Если когда-либо существовал живописец, который с непреклонной решимостью при помощи одной лишь силы воли боролся против самых безнадежных обстоятельств и полного, на первый взгляд, отсутствия таланта, то это был Винсент Ван Гог. Именно то обстоятельство, что Ван Гогу необходимо было выразить все, кипевшее в его мозгу и сердце, и дало ему мужество стойко продолжать борьбу. Для того чтобы выразить это с необходимым мастерством, он еще до отъезда из Антверпена принял решение поступить в мастерскую Кормона, где хотел совершенствоваться в двух областях: писать обнаженную натуру и рисовать с античных гипсов. Так как из-за отсутствия места в квартире Тео Винсент не мог писать дома, он вскоре отправился к Кормону, мастерская которого находилась неподалеку. Поскольку Ван Гог был лет на десять старше остальных учеников, отличался грубоватыми манерами и говорил с сильным акцентом, трудно объяснить, как его приняли в класс Кормона, посещавшийся всего-навсего тридцатью учениками, среди которых было очень мало иностранцев. Правда, Кормон был довольно добродушным человеком, так что смиренное и горячее стремление голландца к серьезной работе вполне могло заставить его отдать свои симпатии необычному ученику.
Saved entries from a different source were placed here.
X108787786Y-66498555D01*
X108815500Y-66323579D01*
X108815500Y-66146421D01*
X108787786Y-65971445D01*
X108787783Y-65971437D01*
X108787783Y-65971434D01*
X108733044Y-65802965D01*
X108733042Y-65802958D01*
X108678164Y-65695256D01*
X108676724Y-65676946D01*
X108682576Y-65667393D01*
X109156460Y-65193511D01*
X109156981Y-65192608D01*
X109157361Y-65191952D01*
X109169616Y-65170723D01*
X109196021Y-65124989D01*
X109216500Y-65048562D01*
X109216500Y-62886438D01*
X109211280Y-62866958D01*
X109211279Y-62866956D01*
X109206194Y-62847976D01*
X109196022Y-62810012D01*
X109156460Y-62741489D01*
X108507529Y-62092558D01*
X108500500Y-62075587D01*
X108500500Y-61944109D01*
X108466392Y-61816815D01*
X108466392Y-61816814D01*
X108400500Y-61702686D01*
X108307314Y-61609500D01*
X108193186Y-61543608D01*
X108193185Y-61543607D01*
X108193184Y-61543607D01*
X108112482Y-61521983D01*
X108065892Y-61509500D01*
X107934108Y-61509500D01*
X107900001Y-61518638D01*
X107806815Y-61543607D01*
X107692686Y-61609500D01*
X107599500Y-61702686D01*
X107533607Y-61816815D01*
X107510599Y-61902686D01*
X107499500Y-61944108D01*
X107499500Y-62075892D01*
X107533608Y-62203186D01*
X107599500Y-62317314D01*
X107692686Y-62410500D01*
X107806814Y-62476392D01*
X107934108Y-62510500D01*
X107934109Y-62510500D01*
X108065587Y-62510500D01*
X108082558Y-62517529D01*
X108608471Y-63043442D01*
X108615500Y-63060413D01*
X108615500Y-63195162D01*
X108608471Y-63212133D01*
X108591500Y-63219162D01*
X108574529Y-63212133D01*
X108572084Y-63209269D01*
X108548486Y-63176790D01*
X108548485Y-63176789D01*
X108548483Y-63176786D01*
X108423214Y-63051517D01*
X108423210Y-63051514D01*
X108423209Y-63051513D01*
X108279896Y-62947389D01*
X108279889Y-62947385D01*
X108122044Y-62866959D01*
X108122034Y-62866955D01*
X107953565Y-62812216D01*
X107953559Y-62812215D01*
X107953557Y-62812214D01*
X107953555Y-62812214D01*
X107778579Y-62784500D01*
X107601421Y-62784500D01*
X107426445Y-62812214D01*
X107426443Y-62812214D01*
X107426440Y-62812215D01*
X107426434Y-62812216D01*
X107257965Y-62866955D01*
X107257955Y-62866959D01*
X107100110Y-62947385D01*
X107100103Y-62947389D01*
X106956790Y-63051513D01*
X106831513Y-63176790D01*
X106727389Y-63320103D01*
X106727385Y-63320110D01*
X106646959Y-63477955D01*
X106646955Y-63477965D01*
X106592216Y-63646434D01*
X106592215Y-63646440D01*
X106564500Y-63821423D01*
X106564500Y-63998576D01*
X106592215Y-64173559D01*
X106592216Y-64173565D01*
В сорок лет Феликс Кормон, академический художник, уже добился известной славы своими огромными однообразными композициями на сюжеты из первобытной жизни. Несколькими годами раньше многие воспитанники Школы изящных, искусств, неудовлетворенные преподаванием Леона Бонна, попросили Кормона заниматься с ними. Среди них был молодой граф де Тулуз-Лотрек, который впоследствии описывал Кормона как самого уродливого и тощего человека в Париже. Художник очень посредственный, Кормон по существу был неплохим педагогом. Его доброта и терпение в какой-то мере компенсировали недостаток воображения и таланта; кроме того, он не был чужд новым веяниям. Однако, по свидетельству одного из его учеников, "в мастерской он славился главным образом тем, что содержал трех любовниц одновременно". 17
Несмотря на относительную широту его взглядов, у Кормона бывали стычки с некоторыми непокорными учениками, задыхавшимися в затхлой атмосфере его класса. Как раз перед поступлением Ван Гога в мастерской Кормона разыгрался бунт, слухи о котором, видимо, разнеслись по всему на Монмарту, с каждым днем обрастая новыми преувеличениями. Эмиль Бернар, один из его любимых учеников, еще не достигший восемнадцати лет, однажды утром был застигнут за странным занятием: он расписывал ярко-красными и изумрудными чередующимися полосами старый коричневый парус, служивший фоном для модели. Взбешенный Кормон выставил Бернара за дверь, послал за его отцом и предложил тому немедленно забрать преступника, уличенного в бунте против священных академических принципов его учителя. 18
По существу, эпизод со старым коричневым парусом был лишь наиболее ярким среди целого ряда подобных инцидентов. У Кормона юный Бернар случайно встретился с одним из старших учеников, который сам никогда ничего не написал, но был сведущ в вопросах искусства и регулярно посещал галереи на улице Лафит, а также галереи Дюран-Рюэля. Он научил Бернара высоко ценить картины Курбе, Мане и импрессионистов; он также водил его в Лувр изучать работы Веласкеса. В результате, как впоследствии вспоминал сам Бернар, "у меня начали формироваться собственные мысли об искусстве и я высказывал их в мастерской. Я говорил, что то, чему нас обучают, не имеет под собой никакой почвы, что [настоящие] мастера знали гораздо больше, что импрессионисты предлагают нам теорию цвета, что работы их исполнены правды, наблюдательности, чувства и что всем нам следует искать свой индивидуальный стиль с помощью теории и путем общения с природой". 19
Таким образом, не удивительно, что Кормон заявил отцу Бернара: "Ваш сын очень талантлив, но он чересчур независим, и я не могу учить его". Весьма обескураженный, Бернар-старший схватил кисти и краски преступника, швырнул их в огонь и велел сыну подумать о карьере коммерсанта. Молодой человек отказался выполнить это приказание.
Несколько недель спустя, перед тем как отправиться пешком в Нормандию и Бретань, Бернар зашел попрощаться с товарищами. В мрачной мастерской, с невысоким помостом, где позировала обнаженная модель на фоне грязной драпировки, сменившей расписанный Бернаром парус, он впервые увидел Ван Гога, увлеченно работающего над своим полотном, на котором засаленный материал фона был заменен цветистым ковром собственного изобретения. Так Ван Гог сделал в своем наброске то, что Бернар собирался проделать непосредственно с натурой.